EXERCISE
Please take the records that follow and repeat exactly the lines starting with the line with "X98.215Y-64.456" and going on through the line with "X114.3Y-54.102".

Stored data
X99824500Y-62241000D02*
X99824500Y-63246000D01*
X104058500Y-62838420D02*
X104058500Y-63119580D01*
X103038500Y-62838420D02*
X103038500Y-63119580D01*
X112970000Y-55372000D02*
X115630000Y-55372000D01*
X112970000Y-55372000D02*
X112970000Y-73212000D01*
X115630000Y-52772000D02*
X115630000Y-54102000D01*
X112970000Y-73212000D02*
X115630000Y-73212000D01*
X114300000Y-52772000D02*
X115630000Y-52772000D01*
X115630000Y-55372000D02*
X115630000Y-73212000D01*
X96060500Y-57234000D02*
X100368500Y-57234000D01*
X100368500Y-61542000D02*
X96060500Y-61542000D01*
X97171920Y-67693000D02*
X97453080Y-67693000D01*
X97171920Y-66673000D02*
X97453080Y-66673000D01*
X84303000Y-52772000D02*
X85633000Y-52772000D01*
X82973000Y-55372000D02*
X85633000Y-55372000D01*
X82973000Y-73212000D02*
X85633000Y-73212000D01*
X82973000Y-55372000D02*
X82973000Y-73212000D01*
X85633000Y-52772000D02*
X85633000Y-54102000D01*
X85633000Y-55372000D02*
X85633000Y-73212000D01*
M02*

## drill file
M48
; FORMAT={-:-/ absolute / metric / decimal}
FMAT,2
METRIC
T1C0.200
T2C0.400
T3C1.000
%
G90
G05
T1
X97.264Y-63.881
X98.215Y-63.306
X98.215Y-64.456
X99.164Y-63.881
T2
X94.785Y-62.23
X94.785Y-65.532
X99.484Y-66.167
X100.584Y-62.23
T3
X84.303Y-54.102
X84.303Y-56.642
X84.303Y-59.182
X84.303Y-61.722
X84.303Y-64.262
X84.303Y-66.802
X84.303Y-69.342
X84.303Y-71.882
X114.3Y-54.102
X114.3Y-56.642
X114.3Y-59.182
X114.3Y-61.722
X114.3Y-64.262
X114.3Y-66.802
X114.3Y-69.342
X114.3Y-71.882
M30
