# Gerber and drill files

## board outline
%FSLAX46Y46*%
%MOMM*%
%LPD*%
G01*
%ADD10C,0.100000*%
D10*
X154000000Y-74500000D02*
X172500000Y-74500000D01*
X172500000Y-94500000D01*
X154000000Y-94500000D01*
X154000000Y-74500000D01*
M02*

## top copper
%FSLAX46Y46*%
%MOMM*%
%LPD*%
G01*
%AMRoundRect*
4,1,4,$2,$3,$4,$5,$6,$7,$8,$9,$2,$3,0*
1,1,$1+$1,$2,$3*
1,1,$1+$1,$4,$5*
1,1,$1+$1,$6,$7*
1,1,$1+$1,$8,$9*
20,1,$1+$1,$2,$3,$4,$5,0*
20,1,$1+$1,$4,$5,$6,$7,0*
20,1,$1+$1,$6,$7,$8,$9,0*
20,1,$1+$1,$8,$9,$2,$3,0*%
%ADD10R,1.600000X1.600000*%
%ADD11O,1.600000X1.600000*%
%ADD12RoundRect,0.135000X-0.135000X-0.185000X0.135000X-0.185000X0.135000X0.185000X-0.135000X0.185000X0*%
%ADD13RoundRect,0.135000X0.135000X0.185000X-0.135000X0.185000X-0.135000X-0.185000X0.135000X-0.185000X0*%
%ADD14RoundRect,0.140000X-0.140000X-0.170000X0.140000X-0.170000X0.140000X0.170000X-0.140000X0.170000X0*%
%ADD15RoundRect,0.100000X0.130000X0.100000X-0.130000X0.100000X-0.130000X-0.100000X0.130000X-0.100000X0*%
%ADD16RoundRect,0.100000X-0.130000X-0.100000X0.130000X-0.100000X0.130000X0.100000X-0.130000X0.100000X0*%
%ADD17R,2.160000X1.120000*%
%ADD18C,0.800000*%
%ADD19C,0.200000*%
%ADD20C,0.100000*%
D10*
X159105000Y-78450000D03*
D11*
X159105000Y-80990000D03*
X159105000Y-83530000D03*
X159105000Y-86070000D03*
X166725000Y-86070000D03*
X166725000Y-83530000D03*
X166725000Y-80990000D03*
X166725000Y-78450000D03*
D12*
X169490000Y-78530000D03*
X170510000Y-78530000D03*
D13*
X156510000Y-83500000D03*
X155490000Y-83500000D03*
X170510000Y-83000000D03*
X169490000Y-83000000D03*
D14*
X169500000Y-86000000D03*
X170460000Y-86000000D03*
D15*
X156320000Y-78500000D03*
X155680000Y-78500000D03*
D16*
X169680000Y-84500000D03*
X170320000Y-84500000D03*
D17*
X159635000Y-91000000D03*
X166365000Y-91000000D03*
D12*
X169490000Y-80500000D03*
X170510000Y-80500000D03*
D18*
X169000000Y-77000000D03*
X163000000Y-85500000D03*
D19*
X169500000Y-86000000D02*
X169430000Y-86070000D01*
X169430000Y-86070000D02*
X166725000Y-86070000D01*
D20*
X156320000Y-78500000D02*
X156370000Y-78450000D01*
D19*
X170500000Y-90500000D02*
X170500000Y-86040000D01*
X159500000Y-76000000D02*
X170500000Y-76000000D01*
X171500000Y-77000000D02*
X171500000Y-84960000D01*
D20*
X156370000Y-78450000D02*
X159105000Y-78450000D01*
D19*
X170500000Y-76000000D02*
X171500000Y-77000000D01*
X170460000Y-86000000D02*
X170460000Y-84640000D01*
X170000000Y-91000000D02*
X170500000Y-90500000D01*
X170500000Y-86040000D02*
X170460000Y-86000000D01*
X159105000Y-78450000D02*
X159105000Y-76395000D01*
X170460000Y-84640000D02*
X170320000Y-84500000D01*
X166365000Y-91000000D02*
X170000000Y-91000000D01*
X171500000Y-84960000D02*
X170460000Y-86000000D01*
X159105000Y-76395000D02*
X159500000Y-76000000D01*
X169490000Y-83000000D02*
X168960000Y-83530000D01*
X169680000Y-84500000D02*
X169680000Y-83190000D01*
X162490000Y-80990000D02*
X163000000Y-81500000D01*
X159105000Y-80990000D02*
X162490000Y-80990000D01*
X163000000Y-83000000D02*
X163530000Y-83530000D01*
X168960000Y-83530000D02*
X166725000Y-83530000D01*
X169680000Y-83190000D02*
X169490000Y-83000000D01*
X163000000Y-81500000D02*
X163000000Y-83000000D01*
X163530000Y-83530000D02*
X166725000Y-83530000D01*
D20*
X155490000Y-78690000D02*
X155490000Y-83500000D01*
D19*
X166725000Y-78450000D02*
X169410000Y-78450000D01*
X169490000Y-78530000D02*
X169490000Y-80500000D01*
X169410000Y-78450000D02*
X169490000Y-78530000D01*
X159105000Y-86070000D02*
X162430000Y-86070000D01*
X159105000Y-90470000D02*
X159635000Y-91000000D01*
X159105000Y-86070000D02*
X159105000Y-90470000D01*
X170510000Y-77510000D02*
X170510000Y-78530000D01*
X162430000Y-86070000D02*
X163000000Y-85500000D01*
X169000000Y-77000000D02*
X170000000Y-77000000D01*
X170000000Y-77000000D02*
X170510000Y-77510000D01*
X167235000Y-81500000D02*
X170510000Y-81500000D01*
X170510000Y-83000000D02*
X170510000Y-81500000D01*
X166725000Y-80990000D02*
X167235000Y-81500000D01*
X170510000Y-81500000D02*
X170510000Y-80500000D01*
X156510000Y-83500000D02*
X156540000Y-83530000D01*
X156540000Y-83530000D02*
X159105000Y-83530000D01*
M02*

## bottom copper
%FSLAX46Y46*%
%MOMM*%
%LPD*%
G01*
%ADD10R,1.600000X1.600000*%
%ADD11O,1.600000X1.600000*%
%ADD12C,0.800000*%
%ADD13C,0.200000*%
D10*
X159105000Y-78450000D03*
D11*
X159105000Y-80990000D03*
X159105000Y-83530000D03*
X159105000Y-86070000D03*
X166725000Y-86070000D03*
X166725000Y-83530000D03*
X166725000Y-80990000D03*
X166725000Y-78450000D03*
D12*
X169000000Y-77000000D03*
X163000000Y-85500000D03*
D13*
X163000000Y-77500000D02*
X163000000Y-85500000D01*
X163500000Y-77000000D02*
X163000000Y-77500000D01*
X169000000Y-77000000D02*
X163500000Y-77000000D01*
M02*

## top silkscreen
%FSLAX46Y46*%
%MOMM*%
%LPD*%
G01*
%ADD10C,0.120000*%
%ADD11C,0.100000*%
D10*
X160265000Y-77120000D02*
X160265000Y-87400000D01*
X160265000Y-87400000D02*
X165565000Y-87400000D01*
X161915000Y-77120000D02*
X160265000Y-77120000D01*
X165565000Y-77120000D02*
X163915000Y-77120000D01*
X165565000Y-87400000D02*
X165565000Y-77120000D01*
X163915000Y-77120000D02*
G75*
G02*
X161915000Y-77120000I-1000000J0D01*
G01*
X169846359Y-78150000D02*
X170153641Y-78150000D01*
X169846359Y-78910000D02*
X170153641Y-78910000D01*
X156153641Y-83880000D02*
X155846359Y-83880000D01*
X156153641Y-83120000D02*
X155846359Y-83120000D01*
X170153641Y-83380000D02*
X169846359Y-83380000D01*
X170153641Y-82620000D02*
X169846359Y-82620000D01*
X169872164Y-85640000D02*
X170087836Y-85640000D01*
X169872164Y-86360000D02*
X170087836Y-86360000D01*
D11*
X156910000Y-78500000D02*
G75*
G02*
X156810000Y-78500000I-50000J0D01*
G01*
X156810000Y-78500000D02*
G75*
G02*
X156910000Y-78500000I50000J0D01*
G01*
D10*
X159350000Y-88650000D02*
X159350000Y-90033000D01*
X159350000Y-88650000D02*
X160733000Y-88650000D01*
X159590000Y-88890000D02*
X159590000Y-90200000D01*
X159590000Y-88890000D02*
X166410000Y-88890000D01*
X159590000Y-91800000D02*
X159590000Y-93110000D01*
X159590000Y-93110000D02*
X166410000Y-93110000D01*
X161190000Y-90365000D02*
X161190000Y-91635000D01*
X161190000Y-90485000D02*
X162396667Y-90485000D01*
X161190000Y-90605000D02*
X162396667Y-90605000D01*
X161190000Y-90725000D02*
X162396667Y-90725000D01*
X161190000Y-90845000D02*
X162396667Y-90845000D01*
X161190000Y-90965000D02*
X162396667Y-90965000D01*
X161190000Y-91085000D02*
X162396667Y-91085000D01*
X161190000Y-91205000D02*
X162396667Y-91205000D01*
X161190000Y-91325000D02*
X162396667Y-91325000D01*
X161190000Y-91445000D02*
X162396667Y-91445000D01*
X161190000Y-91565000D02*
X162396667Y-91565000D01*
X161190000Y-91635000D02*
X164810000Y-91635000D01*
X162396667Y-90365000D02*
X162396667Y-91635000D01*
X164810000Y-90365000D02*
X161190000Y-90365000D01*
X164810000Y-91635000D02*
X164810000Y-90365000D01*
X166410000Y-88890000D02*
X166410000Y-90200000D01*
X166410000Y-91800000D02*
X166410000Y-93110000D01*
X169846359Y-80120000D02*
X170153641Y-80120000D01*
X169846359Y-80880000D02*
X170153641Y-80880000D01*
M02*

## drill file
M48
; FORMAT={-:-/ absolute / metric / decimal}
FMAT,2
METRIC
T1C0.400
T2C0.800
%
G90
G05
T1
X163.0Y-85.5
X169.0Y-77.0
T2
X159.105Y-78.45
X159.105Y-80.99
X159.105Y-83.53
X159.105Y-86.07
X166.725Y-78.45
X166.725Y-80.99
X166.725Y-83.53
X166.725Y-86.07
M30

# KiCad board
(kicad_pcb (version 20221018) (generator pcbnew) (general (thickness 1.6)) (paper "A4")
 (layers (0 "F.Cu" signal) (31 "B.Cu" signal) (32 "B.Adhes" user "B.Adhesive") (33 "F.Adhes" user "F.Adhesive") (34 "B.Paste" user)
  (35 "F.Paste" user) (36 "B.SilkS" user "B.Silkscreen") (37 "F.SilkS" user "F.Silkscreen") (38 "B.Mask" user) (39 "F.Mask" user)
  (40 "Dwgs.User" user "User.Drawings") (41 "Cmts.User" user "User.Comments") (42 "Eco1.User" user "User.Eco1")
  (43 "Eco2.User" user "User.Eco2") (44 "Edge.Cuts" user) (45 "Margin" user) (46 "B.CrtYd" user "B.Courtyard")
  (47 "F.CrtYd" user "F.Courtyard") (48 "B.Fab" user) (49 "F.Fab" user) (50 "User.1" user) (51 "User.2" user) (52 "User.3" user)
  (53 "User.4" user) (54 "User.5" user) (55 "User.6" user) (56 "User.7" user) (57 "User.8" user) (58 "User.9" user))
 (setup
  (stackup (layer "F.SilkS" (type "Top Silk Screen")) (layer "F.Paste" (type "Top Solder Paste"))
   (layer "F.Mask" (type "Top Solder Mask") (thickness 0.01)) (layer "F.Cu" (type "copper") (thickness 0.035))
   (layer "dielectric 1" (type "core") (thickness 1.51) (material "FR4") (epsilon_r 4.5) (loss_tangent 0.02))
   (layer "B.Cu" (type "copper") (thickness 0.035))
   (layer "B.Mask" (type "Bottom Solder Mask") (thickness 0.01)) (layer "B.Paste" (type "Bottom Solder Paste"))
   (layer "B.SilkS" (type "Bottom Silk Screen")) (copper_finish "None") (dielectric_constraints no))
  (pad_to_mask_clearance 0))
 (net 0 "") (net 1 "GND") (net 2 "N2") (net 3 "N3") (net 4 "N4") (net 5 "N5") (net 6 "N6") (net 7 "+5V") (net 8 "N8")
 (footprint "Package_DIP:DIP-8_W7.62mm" (layer "F.Cu") (at 159.105 78.45)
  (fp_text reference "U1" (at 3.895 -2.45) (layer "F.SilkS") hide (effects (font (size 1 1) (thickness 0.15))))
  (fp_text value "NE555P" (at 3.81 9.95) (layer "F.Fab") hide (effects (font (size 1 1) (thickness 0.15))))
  (fp_line (start 1.16 -1.33) (end 1.16 8.95) (stroke (width 0.12) (type solid)) (layer "F.SilkS"))
  (fp_line (start 1.16 8.95) (end 6.46 8.95) (stroke (width 0.12) (type solid)) (layer "F.SilkS"))
  (fp_line (start 2.81 -1.33) (end 1.16 -1.33) (stroke (width 0.12) (type solid)) (layer "F.SilkS"))
  (fp_line (start 6.46 -1.33) (end 4.81 -1.33) (stroke (width 0.12) (type solid)) (layer "F.SilkS"))
  (fp_line (start 6.46 8.95) (end 6.46 -1.33) (stroke (width 0.12) (type solid)) (layer "F.SilkS"))
  (fp_arc (start 4.81 -1.33) (mid 3.81 -0.33) (end 2.81 -1.33) (stroke (width 0.12) (type solid)) (layer "F.SilkS"))
  (pad "1" thru_hole rect (at 0 0) (size 1.6 1.6) (drill 0.8) (layers "*.Cu" "*.Mask") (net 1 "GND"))
  (pad "2" thru_hole oval (at 0 2.54) (size 1.6 1.6) (drill 0.8) (layers "*.Cu" "*.Mask") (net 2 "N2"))
  (pad "3" thru_hole oval (at 0 5.08) (size 1.6 1.6) (drill 0.8) (layers "*.Cu" "*.Mask") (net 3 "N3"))
  (pad "4" thru_hole oval (at 0 7.62) (size 1.6 1.6) (drill 0.8) (layers "*.Cu" "*.Mask") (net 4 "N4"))
  (pad "5" thru_hole oval (at 7.62 7.62) (size 1.6 1.6) (drill 0.8) (layers "*.Cu" "*.Mask") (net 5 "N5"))
  (pad "6" thru_hole oval (at 7.62 5.08) (size 1.6 1.6) (drill 0.8) (layers "*.Cu" "*.Mask") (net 2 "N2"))
  (pad "7" thru_hole oval (at 7.62 2.54) (size 1.6 1.6) (drill 0.8) (layers "*.Cu" "*.Mask") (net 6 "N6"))
  (pad "8" thru_hole oval (at 7.62 0) (size 1.6 1.6) (drill 0.8) (layers "*.Cu" "*.Mask") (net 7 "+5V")))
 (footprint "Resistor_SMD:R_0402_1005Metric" (layer "F.Cu") (at 170 78.53)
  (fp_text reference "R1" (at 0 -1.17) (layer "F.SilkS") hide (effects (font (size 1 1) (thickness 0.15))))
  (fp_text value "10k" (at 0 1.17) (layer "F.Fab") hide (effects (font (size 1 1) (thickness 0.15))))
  (fp_line (start -0.153641 -0.38) (end 0.153641 -0.38) (stroke (width 0.12) (type solid)) (layer "F.SilkS"))
  (fp_line (start -0.153641 0.38) (end 0.153641 0.38) (stroke (width 0.12) (type solid)) (layer "F.SilkS"))
  (pad "1" smd roundrect (at -0.51 0) (size 0.54 0.64) (layers "F.Cu" "F.Paste" "F.Mask") (roundrect_rratio 0.25) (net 7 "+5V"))
  (pad "2" smd roundrect (at 0.51 0) (size 0.54 0.64) (layers "F.Cu" "F.Paste" "F.Mask") (roundrect_rratio 0.25) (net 4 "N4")))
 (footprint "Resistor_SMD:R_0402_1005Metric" (layer "F.Cu") (at 156 83.5 180)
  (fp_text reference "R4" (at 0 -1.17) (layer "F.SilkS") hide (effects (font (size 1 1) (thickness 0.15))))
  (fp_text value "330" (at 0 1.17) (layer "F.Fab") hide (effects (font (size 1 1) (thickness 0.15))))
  (fp_line (start -0.153641 -0.38) (end 0.153641 -0.38) (stroke (width 0.12) (type solid)) (layer "F.SilkS"))
  (fp_line (start -0.153641 0.38) (end 0.153641 0.38) (stroke (width 0.12) (type solid)) (layer "F.SilkS"))
  (pad "1" smd roundrect (at -0.51 0 180) (size 0.54 0.64) (layers "F.Cu" "F.Paste" "F.Mask") (roundrect_rratio 0.25) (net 3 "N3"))
  (pad "2" smd roundrect (at 0.51 0 180) (size 0.54 0.64) (layers "F.Cu" "F.Paste" "F.Mask") (roundrect_rratio 0.25) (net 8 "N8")))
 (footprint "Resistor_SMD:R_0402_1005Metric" (layer "F.Cu") (at 170 83 180)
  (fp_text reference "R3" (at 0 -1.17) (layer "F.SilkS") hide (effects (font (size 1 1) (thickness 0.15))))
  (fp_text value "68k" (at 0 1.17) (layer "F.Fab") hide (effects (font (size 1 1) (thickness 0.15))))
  (fp_line (start -0.153641 -0.38) (end 0.153641 -0.38) (stroke (width 0.12) (type solid)) (layer "F.SilkS"))
  (fp_line (start -0.153641 0.38) (end 0.153641 0.38) (stroke (width 0.12) (type solid)) (layer "F.SilkS"))
  (pad "1" smd roundrect (at -0.51 0 180) (size 0.54 0.64) (layers "F.Cu" "F.Paste" "F.Mask") (roundrect_rratio 0.25) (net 6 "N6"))
  (pad "2" smd roundrect (at 0.51 0 180) (size 0.54 0.64) (layers "F.Cu" "F.Paste" "F.Mask") (roundrect_rratio 0.25) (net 2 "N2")))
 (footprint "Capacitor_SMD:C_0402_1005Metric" (layer "F.Cu") (at 169.98 86)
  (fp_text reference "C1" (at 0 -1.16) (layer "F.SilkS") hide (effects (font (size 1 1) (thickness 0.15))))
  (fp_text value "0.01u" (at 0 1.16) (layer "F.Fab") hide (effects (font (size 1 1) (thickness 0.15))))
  (fp_line (start -0.107836 -0.36) (end 0.107836 -0.36) (stroke (width 0.12) (type solid)) (layer "F.SilkS"))
  (fp_line (start -0.107836 0.36) (end 0.107836 0.36) (stroke (width 0.12) (type solid)) (layer "F.SilkS"))
  (pad "1" smd roundrect (at -0.48 0) (size 0.56 0.62) (layers "F.Cu" "F.Paste" "F.Mask") (roundrect_rratio 0.25) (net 5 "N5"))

YOUR RESPONSE
X98.215Y-64.456
X99.164Y-63.881
T2
X94.785Y-62.23
X94.785Y-65.532
X99.484Y-66.167
X100.584Y-62.23
T3
X84.303Y-54.102
X84.303Y-56.642
X84.303Y-59.182
X84.303Y-61.722
X84.303Y-64.262
X84.303Y-66.802
X84.303Y-69.342
X84.303Y-71.882
X114.3Y-54.102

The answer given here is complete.